• **YOUR TASK**: Would you output the entries below only from the line containing "X161500000Y-118500000D01*" through the line containing "X158500000Y-137000000D02*", exactly as they stand and with both ends included?

SUPPLIED MATERIAL Block Start

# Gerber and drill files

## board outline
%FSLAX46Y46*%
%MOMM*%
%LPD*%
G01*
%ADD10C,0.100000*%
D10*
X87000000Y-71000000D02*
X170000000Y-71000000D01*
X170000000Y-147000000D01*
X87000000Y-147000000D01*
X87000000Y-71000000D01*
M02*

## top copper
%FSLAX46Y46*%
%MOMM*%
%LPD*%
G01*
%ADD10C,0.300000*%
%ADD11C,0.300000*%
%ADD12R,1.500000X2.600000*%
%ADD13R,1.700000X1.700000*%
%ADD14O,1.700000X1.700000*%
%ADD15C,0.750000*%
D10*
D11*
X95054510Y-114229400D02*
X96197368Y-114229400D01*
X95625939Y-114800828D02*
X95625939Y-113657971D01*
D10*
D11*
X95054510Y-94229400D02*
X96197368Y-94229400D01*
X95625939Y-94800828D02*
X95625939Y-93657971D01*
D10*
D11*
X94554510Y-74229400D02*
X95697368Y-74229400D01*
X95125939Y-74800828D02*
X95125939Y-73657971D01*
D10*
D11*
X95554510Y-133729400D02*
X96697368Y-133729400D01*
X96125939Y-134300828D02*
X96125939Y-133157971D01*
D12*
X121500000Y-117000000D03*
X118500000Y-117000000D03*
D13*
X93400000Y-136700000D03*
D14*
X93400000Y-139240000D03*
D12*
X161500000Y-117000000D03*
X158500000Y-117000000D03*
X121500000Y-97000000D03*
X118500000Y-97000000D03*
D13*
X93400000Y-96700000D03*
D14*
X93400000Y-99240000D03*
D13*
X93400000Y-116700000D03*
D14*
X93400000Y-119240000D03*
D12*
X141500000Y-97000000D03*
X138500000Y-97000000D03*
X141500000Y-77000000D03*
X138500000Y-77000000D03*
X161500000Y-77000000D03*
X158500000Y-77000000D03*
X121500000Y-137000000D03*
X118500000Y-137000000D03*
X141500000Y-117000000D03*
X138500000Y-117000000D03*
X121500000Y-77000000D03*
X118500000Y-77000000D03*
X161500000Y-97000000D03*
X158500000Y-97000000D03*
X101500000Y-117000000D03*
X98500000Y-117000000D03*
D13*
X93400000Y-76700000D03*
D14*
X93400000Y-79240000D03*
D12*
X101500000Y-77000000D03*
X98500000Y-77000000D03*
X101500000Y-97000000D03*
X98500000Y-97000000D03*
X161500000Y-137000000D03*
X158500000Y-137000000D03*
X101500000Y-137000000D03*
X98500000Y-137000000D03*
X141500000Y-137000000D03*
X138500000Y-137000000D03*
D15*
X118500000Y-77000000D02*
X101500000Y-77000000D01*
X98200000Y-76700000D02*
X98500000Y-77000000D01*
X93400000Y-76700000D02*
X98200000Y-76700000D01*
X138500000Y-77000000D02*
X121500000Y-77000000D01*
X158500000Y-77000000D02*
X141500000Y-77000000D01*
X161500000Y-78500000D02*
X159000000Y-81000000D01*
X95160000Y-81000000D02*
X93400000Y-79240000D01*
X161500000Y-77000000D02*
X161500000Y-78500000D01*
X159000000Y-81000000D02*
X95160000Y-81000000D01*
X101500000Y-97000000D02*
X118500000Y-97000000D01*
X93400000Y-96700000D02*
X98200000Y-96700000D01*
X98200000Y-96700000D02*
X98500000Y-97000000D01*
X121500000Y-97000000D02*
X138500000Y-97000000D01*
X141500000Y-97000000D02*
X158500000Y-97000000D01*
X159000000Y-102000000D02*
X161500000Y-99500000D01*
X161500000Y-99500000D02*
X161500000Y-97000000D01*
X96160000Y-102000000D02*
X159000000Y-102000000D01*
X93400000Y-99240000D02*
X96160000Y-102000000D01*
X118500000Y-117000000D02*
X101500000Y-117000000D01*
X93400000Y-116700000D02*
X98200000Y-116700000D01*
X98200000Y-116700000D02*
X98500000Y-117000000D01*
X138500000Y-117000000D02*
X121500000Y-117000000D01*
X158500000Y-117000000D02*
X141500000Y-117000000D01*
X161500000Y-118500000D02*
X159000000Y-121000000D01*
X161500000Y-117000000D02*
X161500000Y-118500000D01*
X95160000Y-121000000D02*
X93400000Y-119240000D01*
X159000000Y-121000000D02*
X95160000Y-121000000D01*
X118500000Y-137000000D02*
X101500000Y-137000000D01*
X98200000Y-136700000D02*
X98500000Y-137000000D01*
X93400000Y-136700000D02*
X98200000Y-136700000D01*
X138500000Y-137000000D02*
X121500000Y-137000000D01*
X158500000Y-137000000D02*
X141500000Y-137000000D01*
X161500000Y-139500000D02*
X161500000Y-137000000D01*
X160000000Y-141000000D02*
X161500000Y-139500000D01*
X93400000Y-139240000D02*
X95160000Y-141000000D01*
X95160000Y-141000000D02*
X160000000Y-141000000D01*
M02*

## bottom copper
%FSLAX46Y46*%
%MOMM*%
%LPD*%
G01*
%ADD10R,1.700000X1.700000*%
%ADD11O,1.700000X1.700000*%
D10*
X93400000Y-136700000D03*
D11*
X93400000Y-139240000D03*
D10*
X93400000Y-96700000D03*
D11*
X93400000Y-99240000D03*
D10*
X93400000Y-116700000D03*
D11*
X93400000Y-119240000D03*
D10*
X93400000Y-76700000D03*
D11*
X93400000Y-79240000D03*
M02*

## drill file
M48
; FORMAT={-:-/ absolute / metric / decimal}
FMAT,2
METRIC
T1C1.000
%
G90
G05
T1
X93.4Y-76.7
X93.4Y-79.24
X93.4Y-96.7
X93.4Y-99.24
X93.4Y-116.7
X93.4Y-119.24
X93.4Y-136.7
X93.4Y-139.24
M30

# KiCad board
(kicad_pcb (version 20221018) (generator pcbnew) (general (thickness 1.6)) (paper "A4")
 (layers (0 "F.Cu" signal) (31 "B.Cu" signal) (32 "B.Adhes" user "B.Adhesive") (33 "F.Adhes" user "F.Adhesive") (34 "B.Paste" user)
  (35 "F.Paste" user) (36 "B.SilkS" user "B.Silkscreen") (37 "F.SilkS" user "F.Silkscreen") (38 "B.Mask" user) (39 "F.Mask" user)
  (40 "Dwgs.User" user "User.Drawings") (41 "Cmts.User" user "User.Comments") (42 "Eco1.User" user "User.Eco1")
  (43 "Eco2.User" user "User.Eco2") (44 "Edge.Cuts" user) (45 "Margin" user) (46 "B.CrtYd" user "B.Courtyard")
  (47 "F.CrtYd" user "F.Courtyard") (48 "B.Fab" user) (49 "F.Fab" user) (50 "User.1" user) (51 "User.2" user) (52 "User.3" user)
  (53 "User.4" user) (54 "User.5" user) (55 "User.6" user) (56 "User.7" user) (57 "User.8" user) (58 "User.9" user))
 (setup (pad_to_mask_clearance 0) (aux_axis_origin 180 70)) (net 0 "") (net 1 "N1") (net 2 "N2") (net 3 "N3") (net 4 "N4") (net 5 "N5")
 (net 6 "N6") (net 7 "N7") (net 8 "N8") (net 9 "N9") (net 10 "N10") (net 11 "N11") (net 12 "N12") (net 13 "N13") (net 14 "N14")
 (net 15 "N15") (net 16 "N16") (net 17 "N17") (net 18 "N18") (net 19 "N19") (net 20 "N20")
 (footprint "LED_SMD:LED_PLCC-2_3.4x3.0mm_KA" (layer "F.Cu") (at 120 117 180)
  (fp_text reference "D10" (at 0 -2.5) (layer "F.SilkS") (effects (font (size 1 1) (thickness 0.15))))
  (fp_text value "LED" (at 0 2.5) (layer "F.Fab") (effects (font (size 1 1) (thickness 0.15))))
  (pad "1" smd rect (at -1.5 0 180) (size 1.5 2.6) (layers "F.Cu" "F.Paste" "F.Mask") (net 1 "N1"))
  (pad "2" smd rect (at 1.5 0 180) (size 1.5 2.6) (layers "F.Cu" "F.Paste" "F.Mask") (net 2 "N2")))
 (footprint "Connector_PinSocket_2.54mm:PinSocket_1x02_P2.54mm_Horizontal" (layer "F.Cu") (at 93.4 136.7)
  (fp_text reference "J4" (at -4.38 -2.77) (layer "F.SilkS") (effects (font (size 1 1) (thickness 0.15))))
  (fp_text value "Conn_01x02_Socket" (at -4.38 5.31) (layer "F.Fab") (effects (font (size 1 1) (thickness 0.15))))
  (pad "1" thru_hole rect (at 0 0) (size 1.7 1.7) (drill 1) (layers "*.Cu" "*.Mask") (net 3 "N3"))
  (pad "2" thru_hole oval (at 0 2.54) (size 1.7 1.7) (drill 1) (layers "*.Cu" "*.Mask") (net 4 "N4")))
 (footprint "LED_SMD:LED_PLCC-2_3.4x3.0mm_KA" (layer "F.Cu") (at 160 117 180)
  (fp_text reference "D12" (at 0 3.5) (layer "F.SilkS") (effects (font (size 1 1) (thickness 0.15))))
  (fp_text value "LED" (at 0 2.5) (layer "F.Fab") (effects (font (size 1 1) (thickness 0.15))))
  (pad "1" smd rect (at -1.5 0 180) (size 1.5 2.6) (layers "F.Cu" "F.Paste" "F.Mask") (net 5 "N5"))
  (pad "2" smd rect (at 1.5 0 180) (size 1.5 2.6) (layers "F.Cu" "F.Paste" "F.Mask") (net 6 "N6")))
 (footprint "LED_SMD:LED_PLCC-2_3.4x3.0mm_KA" (layer "F.Cu") (at 120 97 180)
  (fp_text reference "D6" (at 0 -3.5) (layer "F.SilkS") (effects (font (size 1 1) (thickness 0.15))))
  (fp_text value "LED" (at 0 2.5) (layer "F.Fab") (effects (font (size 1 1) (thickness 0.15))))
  (pad "1" smd rect (at -1.5 0 180) (size 1.5 2.6) (layers "F.Cu" "F.Paste" "F.Mask") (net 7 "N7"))
  (pad "2" smd rect (at 1.5 0 180) (size 1.5 2.6) (layers "F.Cu" "F.Paste" "F.Mask") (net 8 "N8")))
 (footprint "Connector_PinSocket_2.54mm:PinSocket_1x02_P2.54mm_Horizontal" (layer "F.Cu") (at 93.4 96.7)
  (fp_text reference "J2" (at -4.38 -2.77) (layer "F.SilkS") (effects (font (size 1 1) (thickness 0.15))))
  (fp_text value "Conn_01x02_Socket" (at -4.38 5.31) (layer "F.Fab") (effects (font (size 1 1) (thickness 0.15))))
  (pad "1" thru_hole rect (at 0 0) (size 1.7 1.7) (drill 1) (layers "*.Cu" "*.Mask") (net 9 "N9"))
  (pad "2" thru_hole oval (at 0 2.54) (size 1.7 1.7) (drill 1) (layers "*.Cu" "*.Mask") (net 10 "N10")))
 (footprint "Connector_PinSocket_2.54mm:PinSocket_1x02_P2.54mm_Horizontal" (layer "F.Cu") (at 93.4 116.7)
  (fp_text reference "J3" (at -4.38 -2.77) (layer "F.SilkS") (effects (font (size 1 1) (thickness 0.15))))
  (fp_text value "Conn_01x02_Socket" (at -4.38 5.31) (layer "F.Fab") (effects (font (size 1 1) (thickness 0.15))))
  (pad "1" thru_hole rect (at 0 0) (size 1.7 1.7) (drill 1) (layers "*.Cu" "*.Mask") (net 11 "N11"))
  (pad "2" thru_hole oval (at 0 2.54) (size 1.7 1.7) (drill 1) (layers "*.Cu" "*.Mask") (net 5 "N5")))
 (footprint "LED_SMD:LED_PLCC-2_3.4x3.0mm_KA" (layer "F.Cu") (at 140 97 180)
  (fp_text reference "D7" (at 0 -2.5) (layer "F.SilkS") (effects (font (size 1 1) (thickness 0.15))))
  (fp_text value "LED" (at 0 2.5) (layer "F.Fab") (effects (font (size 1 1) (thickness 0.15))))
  (pad "1" smd rect (at -1.5 0 180) (size 1.5 2.6) (layers "F.Cu" "F.Paste" "F.Mask") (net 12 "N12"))
  (pad "2" smd rect (at 1.5 0 180) (size 1.5 2.6) (layers "F.Cu" "F.Paste" "F.Mask") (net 7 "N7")))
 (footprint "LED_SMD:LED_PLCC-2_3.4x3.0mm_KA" (layer "F.Cu") (at 140 77 180)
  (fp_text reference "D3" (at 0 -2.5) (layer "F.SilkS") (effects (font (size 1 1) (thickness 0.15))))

SUPPLIED MATERIAL Block End

• **ANSWER TO THIS TASK**:
X161500000Y-118500000D01*
X95160000Y-121000000D02*
X93400000Y-119240000D01*
X159000000Y-121000000D02*
X95160000Y-121000000D01*
X118500000Y-137000000D02*
X101500000Y-137000000D01*
X98200000Y-136700000D02*
X98500000Y-137000000D01*
X93400000Y-136700000D02*
X98200000Y-136700000D01*
X138500000Y-137000000D02*
X121500000Y-137000000D01*
X158500000Y-137000000D02*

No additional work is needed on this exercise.